- What the task asks
Once the line containing "X113554359Y-153419775D01*" has been printed, stop; print every line before it exactly, starting at the top of the material below.

- The records
- - -
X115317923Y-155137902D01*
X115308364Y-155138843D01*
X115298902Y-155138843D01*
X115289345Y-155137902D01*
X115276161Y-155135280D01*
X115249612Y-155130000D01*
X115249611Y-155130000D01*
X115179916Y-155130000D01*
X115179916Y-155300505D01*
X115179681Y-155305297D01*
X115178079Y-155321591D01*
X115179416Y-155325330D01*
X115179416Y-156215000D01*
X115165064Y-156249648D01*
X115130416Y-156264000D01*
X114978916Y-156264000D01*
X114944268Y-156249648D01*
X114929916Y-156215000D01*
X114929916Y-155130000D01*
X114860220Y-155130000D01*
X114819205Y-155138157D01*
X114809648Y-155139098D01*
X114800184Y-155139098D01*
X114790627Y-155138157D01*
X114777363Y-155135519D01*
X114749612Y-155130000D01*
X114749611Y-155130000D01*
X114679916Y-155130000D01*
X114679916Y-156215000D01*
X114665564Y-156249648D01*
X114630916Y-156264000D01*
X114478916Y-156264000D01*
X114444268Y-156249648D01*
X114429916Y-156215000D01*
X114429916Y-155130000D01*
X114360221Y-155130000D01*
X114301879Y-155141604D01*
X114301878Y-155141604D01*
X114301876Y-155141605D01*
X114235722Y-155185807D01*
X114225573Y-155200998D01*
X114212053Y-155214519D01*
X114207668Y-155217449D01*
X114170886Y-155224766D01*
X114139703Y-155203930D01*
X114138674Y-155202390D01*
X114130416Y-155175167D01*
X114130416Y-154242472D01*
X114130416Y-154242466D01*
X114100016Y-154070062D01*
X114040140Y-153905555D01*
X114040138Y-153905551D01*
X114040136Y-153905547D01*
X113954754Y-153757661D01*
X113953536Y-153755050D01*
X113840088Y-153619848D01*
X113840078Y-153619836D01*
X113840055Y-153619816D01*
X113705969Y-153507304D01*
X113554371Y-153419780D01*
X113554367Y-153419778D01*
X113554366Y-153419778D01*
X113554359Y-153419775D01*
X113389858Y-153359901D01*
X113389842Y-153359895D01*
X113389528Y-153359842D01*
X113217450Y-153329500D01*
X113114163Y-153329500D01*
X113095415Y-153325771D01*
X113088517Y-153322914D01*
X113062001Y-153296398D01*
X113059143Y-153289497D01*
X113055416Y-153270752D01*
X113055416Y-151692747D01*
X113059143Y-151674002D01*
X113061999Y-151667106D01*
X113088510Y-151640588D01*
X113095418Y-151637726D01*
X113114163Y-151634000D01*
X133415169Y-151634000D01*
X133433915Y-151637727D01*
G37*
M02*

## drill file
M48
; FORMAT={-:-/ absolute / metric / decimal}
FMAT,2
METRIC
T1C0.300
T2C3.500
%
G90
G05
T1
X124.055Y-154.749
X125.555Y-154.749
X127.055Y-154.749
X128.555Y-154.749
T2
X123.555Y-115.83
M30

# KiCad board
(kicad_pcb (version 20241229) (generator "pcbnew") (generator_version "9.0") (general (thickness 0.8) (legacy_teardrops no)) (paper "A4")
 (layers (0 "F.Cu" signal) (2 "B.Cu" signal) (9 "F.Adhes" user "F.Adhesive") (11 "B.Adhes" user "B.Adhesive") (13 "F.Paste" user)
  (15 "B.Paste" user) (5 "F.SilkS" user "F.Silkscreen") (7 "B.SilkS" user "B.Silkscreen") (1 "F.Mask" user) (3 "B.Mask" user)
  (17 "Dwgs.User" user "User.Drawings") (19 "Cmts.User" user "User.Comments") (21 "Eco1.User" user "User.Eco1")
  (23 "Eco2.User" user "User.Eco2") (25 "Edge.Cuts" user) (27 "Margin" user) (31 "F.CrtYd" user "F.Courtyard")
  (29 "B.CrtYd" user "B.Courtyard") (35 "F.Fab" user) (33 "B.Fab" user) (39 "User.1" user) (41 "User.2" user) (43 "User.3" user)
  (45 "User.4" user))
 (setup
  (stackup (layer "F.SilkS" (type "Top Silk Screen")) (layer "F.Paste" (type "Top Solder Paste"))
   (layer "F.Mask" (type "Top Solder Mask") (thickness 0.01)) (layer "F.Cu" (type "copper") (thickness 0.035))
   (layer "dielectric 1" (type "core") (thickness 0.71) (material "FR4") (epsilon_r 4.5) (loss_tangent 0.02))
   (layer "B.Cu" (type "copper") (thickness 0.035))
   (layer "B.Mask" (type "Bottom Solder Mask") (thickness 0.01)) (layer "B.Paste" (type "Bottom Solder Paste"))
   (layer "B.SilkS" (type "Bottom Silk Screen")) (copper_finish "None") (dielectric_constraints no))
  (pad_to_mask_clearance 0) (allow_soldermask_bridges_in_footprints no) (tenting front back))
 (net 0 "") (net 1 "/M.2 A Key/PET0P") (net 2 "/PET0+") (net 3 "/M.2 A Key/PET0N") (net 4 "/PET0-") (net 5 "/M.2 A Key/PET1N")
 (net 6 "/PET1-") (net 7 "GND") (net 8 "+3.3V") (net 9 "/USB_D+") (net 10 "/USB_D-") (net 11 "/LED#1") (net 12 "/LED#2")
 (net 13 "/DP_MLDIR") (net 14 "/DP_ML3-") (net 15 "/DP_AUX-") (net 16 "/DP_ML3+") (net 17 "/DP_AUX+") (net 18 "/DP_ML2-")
- - -
- Written response
X115317923Y-155137902D01*
X115308364Y-155138843D01*
X115298902Y-155138843D01*
X115289345Y-155137902D01*
X115276161Y-155135280D01*
X115249612Y-155130000D01*
X115249611Y-155130000D01*
X115179916Y-155130000D01*
X115179916Y-155300505D01*
X115179681Y-155305297D01*
X115178079Y-155321591D01*
X115179416Y-155325330D01*
X115179416Y-156215000D01*
X115165064Y-156249648D01*
X115130416Y-156264000D01*
X114978916Y-156264000D01*
X114944268Y-156249648D01*
X114929916Y-156215000D01*
X114929916Y-155130000D01*
X114860220Y-155130000D01*
X114819205Y-155138157D01*
X114809648Y-155139098D01*
X114800184Y-155139098D01*
X114790627Y-155138157D01*
X114777363Y-155135519D01*
X114749612Y-155130000D01*
X114749611Y-155130000D01*
X114679916Y-155130000D01*
X114679916Y-156215000D01*
X114665564Y-156249648D01*
X114630916Y-156264000D01*
X114478916Y-156264000D01*
X114444268Y-156249648D01*
X114429916Y-156215000D01*
X114429916Y-155130000D01*
X114360221Y-155130000D01*
X114301879Y-155141604D01*
X114301878Y-155141604D01*
X114301876Y-155141605D01*
X114235722Y-155185807D01*
X114225573Y-155200998D01*
X114212053Y-155214519D01*
X114207668Y-155217449D01*
X114170886Y-155224766D01*
X114139703Y-155203930D01*
X114138674Y-155202390D01*
X114130416Y-155175167D01*
X114130416Y-154242472D01*
X114130416Y-154242466D01*
X114100016Y-154070062D01*
X114040140Y-153905555D01*
X114040138Y-153905551D01*
X114040136Y-153905547D01*
X113954754Y-153757661D01*
X113953536Y-153755050D01*
X113840088Y-153619848D01*
X113840078Y-153619836D01*
X113840055Y-153619816D01*
X113705969Y-153507304D01*
X113554371Y-153419780D01*
X113554367Y-153419778D01*
X113554366Y-153419778D01*
X113554359Y-153419775D01*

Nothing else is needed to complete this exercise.